While I don't plan on press the same key again, this feel like a pointless thing given what it'd take. For starters, entropy itself is not something that can be observed, only calculated. Add to that how the effects of entropy themselves generate signals many animals can and do detect and we have a situation where the cool organ proves as a waste.

Entropy itself, if I understand correctly, manifests in our world on a macroscopic scale mainly through 3 ways: changes in temperature, changes in appearance and decomposition, and we already have examples of animal senses for all of those. Hell, in the case of changes in appearance you have at least 3 or 4 different types of eyes in the animal world to choose from.

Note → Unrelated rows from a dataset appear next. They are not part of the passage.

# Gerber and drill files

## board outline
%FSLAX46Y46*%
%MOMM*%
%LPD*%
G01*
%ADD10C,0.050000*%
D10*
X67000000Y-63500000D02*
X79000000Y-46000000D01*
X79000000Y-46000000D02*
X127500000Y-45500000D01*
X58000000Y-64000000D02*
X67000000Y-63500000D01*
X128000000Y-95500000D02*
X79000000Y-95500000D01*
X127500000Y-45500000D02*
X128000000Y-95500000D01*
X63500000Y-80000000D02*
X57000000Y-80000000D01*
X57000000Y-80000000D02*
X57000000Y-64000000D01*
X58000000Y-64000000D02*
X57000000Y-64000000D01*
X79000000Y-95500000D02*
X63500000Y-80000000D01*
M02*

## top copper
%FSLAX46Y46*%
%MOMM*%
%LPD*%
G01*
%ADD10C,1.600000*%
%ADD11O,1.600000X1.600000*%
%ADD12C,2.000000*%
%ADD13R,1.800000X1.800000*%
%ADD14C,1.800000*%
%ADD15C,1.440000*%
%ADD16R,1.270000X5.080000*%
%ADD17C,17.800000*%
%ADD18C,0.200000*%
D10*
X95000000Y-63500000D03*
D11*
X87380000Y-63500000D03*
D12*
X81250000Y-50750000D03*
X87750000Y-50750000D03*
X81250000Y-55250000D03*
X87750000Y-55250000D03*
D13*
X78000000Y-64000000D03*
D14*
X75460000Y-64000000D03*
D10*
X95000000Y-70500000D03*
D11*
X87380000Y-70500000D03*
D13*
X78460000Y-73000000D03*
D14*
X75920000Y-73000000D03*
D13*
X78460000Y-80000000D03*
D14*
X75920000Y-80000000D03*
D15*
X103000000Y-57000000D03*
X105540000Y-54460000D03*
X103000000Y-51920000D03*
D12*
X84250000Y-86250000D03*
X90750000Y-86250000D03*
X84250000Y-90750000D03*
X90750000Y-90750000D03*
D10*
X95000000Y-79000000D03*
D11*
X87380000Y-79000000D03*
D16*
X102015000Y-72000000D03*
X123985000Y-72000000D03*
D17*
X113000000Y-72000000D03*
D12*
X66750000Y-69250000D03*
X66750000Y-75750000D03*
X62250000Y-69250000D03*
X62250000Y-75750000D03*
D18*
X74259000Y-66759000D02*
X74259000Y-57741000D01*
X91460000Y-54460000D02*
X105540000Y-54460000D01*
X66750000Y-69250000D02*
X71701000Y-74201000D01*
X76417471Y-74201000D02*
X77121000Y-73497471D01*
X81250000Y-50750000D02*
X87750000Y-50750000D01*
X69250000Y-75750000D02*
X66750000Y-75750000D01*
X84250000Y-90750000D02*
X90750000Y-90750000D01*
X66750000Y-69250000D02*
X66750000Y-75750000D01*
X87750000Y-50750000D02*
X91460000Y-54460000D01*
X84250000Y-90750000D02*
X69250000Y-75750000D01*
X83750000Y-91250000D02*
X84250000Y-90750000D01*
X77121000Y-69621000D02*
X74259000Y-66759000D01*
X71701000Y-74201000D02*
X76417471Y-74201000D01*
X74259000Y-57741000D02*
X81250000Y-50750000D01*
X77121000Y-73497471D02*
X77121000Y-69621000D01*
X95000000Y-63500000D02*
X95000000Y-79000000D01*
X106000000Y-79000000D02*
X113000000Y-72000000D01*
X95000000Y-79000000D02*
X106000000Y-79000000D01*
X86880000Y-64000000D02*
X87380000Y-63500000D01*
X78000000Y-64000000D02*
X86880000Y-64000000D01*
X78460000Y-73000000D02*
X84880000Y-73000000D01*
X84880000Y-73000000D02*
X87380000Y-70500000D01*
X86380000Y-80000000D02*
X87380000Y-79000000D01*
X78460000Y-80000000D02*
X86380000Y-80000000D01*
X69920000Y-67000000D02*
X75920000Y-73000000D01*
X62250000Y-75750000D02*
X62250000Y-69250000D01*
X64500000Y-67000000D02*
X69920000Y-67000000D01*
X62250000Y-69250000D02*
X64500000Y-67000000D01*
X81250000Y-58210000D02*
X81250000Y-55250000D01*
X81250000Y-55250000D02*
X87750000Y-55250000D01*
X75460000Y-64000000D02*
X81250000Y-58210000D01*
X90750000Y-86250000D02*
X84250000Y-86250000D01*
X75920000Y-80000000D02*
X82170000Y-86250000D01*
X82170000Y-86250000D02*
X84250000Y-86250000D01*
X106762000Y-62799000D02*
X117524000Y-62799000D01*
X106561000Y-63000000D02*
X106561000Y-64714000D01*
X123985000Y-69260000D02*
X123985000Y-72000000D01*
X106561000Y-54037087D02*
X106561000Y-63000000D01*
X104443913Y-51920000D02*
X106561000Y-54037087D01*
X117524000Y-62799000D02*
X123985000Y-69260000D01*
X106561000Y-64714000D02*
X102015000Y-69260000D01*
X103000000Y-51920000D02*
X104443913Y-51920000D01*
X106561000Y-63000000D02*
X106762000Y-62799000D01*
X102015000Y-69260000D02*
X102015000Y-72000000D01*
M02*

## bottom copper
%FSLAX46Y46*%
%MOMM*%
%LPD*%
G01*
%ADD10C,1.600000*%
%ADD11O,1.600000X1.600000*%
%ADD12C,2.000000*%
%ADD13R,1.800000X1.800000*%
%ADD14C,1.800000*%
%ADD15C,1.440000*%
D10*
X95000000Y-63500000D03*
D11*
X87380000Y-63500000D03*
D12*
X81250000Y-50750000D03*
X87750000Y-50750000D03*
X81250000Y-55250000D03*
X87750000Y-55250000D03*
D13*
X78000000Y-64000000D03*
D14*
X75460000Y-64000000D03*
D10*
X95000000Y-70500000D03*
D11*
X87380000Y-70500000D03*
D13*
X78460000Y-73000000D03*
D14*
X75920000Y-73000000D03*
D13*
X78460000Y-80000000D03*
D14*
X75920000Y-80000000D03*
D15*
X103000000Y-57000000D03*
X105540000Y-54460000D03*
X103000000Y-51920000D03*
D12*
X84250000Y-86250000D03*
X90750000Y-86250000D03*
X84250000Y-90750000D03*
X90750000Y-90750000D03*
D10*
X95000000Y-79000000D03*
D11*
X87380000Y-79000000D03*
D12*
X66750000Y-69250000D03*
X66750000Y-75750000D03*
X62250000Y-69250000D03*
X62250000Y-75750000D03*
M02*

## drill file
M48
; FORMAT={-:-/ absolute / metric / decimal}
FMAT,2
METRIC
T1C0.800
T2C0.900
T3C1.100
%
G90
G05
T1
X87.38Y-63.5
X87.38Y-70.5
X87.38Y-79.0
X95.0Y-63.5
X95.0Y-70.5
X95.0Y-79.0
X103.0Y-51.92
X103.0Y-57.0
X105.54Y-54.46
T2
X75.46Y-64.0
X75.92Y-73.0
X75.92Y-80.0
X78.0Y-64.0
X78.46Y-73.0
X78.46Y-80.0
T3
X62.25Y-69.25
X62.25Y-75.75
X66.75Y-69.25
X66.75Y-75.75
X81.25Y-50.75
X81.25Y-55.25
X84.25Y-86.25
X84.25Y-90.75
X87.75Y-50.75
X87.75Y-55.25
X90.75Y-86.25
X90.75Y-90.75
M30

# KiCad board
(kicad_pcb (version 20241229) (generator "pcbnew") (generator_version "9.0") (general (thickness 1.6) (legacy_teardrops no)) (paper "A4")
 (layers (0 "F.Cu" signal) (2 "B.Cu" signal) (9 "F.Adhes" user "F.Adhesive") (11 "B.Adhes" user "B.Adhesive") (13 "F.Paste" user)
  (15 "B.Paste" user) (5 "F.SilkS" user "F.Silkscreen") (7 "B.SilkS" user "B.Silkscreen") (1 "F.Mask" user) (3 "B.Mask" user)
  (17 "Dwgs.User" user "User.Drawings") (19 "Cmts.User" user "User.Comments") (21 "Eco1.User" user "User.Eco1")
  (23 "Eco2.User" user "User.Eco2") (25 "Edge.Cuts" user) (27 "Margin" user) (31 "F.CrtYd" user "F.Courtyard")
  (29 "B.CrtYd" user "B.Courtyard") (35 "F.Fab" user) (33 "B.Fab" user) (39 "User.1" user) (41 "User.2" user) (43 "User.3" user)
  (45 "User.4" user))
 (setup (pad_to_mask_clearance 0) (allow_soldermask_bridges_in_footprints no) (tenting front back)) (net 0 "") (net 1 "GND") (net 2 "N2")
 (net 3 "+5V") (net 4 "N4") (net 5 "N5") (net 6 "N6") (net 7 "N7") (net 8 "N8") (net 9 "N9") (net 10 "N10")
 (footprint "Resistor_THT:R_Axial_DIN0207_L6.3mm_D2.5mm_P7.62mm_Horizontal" (layer "F.Cu") (at 95 63.5 180)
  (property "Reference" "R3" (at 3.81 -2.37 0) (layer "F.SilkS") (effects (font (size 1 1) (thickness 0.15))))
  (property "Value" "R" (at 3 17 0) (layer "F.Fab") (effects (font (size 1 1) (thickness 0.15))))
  (pad "1" thru_hole circle (at 0 0 180) (size 1.6 1.6) (drill 0.8) (layers "*.Cu" "*.Mask") (remove_unused_layers no) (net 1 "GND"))
  (pad "2" thru_hole oval (at 7.62 0 180) (size 1.6 1.6) (drill 0.8) (layers "*.Cu" "*.Mask") (remove_unused_layers no) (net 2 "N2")))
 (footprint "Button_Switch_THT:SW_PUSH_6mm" (layer "F.Cu") (at 81.25 50.75)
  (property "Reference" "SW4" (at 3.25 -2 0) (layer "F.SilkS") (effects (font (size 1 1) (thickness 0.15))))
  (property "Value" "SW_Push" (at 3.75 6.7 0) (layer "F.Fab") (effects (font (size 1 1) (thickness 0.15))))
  (pad "1" thru_hole circle (at 0 0 90) (size 2 2) (drill 1.1) (layers "*.Cu" "*.Mask") (remove_unused_layers no) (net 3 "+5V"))
  (pad "1" thru_hole circle (at 6.5 0 90) (size 2 2) (drill 1.1) (layers "*.Cu" "*.Mask") (remove_unused_layers no) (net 3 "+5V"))
  (pad "2" thru_hole circle (at 0 4.5 90) (size 2 2) (drill 1.1) (layers "*.Cu" "*.Mask") (remove_unused_layers no) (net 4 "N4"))
  (pad "2" thru_hole circle (at 6.5 4.5 90) (size 2 2) (drill 1.1) (layers "*.Cu" "*.Mask") (remove_unused_layers no) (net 4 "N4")))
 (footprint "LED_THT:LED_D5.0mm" (layer "F.Cu") (at 78 64 180)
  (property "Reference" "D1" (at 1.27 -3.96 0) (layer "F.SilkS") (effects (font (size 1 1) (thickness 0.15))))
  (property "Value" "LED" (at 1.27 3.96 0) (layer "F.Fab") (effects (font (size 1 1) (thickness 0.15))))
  (pad "1" thru_hole rect (at 0 0 180) (size 1.8 1.8) (drill 0.9) (layers "*.Cu" "*.Mask") (remove_unused_layers no) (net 2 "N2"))
  (pad "2" thru_hole circle (at 2.54 0 180) (size 1.8 1.8) (drill 0.9) (layers "*.Cu" "*.Mask") (remove_unused_layers no) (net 4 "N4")))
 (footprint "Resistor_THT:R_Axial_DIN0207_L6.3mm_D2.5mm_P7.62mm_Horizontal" (layer "F.Cu") (at 95 70.5 180)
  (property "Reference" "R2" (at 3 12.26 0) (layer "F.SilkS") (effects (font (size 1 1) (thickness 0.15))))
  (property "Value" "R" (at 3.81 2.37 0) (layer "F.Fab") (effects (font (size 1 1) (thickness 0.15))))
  (pad "1" thru_hole circle (at 0 0 180) (size 1.6 1.6) (drill 0.8) (layers "*.Cu" "*.Mask") (remove_unused_layers no) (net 1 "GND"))
  (pad "2" thru_hole oval (at 7.62 0 180) (size 1.6 1.6) (drill 0.8) (layers "*.Cu" "*.Mask") (remove_unused_layers no) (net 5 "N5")))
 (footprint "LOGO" (layer "F.Cu") (at 116.5 52)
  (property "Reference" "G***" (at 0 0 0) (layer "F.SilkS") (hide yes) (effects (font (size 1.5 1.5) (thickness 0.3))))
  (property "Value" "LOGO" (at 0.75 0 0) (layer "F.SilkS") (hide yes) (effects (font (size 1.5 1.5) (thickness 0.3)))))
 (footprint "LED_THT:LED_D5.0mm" (layer "F.Cu") (at 78.46 73 180)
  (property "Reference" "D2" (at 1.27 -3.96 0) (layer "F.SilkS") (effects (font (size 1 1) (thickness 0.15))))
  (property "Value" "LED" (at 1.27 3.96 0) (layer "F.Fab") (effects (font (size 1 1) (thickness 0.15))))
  (pad "1" thru_hole rect (at 0 0 180) (size 1.8 1.8) (drill 0.9) (layers "*.Cu" "*.Mask") (remove_unused_layers no) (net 5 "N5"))
  (pad "2" thru_hole circle (at 2.54 0 180) (size 1.8 1.8) (drill 0.9) (layers "*.Cu" "*.Mask") (remove_unused_layers no) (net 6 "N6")))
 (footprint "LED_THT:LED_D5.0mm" (layer "F.Cu") (at 78.46 80 180)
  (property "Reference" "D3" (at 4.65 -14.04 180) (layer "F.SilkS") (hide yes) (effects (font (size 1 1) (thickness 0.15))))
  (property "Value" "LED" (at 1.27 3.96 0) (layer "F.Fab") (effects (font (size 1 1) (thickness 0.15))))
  (pad "1" thru_hole rect (at 0 0 180) (size 1.8 1.8) (drill 0.9) (layers "*.Cu" "*.Mask") (remove_unused_layers no) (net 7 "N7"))
  (pad "2" thru_hole circle (at 2.54 0 180) (size 1.8 1.8) (drill 0.9) (layers "*.Cu" "*.Mask") (remove_unused_layers no) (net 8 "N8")))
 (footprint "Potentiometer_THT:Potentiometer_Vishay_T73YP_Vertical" (layer "F.Cu") (at 103 57)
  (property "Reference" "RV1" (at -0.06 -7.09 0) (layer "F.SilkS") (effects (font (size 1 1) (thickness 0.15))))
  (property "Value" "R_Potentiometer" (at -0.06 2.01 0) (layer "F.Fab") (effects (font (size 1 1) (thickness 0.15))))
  (pad "1" thru_hole circle (at 0 0) (size 1.44 1.44) (drill 0.8) (layers "*.Cu" "*.Mask") (remove_unused_layers no) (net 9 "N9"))
  (pad "2" thru_hole circle (at 2.54 -2.54) (size 1.44 1.44) (drill 0.8) (layers "*.Cu" "*.Mask") (remove_unused_layers no) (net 3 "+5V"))
  (pad "3" thru_hole circle (at 0 -5.08) (size 1.44 1.44) (drill 0.8) (layers "*.Cu" "*.Mask") (remove_unused_layers no) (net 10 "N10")))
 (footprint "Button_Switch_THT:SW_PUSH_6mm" (layer "F.Cu") (at 84.25 86.25)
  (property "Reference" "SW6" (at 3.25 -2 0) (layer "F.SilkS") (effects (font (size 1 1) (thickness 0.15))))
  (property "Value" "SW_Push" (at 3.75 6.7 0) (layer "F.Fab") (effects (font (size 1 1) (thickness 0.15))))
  (pad "1" thru_hole circle (at 0 0 90) (size 2 2) (drill 1.1) (layers "*.Cu" "*.Mask") (remove_unused_layers no) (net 8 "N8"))
  (pad "1" thru_hole circle (at 6.5 0 90) (size 2 2) (drill 1.1) (layers "*.Cu" "*.Mask") (remove_unused_layers no) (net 8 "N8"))
  (pad "2" thru_hole circle (at 0 4.5 90) (size 2 2) (drill 1.1) (layers "*.Cu" "*.Mask") (remove_unused_layers no) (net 3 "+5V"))
  (pad "2" thru_hole circle (at 6.5 4.5 90) (size 2 2) (drill 1.1) (layers "*.Cu" "*.Mask") (remove_unused_layers no) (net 3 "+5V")))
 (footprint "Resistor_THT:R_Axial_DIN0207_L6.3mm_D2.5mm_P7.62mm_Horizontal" (layer "F.Cu") (at 95 79 180)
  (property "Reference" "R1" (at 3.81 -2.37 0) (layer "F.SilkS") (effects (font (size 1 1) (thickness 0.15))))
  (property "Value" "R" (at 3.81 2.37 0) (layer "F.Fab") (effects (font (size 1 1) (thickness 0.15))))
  (pad "1" thru_hole circle (at 0 0 180) (size 1.6 1.6) (drill 0.8) (layers "*.Cu" "*.Mask") (remove_unused_layers no) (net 1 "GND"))
  (pad "2" thru_hole oval (at 7.62 0 180) (size 1.6 1.6) (drill 0.8) (layers "*.Cu" "*.Mask") (remove_unused_layers no) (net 7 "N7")))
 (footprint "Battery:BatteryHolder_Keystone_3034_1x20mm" (layer "F.Cu") (at 113 72)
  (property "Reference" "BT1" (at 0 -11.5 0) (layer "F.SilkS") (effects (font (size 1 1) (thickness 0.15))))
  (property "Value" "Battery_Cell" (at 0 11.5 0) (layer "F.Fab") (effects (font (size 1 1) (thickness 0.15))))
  (pad "1" smd rect (at -10.985 0) (size 1.27 5.08) (layers "F.Cu" "F.Mask" "F.Paste") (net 10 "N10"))
  (pad "1" smd rect (at 10.985 0) (size 1.27 5.08) (layers "F.Cu" "F.Mask" "F.Paste") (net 10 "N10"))
  (pad "2" smd circle (at 0 0) (size 17.8 17.8) (layers "F.Cu" "F.Mask") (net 1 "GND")))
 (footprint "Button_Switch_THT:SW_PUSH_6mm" (layer "F.Cu") (at 66.75 69.25 -90)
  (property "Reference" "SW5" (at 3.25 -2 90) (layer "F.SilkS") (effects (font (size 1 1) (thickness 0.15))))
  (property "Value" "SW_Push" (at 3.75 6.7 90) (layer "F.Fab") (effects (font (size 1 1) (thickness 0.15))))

Not long ago I answered a question about a potential new organ capable of detecting water, and my answer to that question was "they already exist in elephants, and they're called trunks". This is a similar scenario, except you want a single organ that does the job of many, and that will not only be impossible, but be potentially worse overall in a scenario where it wasn't, since forcing a single organ to detect many things means it cannot be specialized, and thus can't be as effective as a specialized one (a universal price to be paid in the animal kindgom, Jack of all trades, master of none will be more flexible than the master of one, but they sure as hell won't beat the master in their specialty). The eyes of birds let them see shades of color we never will, shades which make them able to detect what to us would've been a perfectly camouflaged rabbit. Hammerhead sharks have potent electroreceptors in their heads, which allow them to detect basically anything that uses some form of electric signal to function while it's underwater and close enough. Fun fact: those are basically present in basically every form of multicellular animal life on earth. Foxes, as far as we know, use earth's magnetic field to help them hunt prey hidden in the snow, and owls do the thing, but instead relying on asymmetrical ears and potent hearing to be able to detect the exact distance of prey from it with frightening accuracy in 3 dimensions, all that without movable ears, all while bats and dolphins simply use sound to perceive the ambient around them and move around expertly even in absolute darkness, while also be able to tell a lot about what's nearby simply based on how sound bounces off it.

In your example scenario, the goal is to forage for edible fruits. Sure, a magical entropy detector might be able to tell a more complex plant from a less complex one, but will it be able to tell which of the more complex plants is currently producing fruits? Or even if the fruits have nothing poisonous to it in them? While it struggles to figure that out, a monkey with good eyes and a better nose has already found the fruits and could tell both whether they were edible and which were the most fresh. Your entropy organ might be able to allow the creature to sense fish hidden underwater in a river... Only for an electric eel to also come along, be equally able to identify basically everything nearby with a nervous system and zap the ones it liked so it could eat them.

Summing up: could it exist? Probably not, since entropy itself cannot be measured, and even if it could, there's a pretty high chance that it would not be as effective as simply having a large number of already existing sensory organs made to identify different things, many of which are already direct effects of entropy. I get the reasoning, it sounds much cooler to say "we're being hunted by something that can sense entropy itself" in a story than "the thing hunting us has a crazy sense of smell", but the truth is that nature already provides a large array of examples on how you don't need to be able to detect every little aspect of reality to be a good hunter.

To put one last thing in perspective on what makes a good hunter: unless my memory is failing me, the most successful predator in the world is the not-so-humble dragonfly, which can basically catch what it's after 97% of the time. How does it do this? Pristine eyesight and motion detection helps a lot, but being able to use said eyesight to predict where its prey will go helps even more. What it can perceive is only a portion of what makes something successful. How it uses that available information is arguably much more important, especially since koalas are here to demonstrate just that.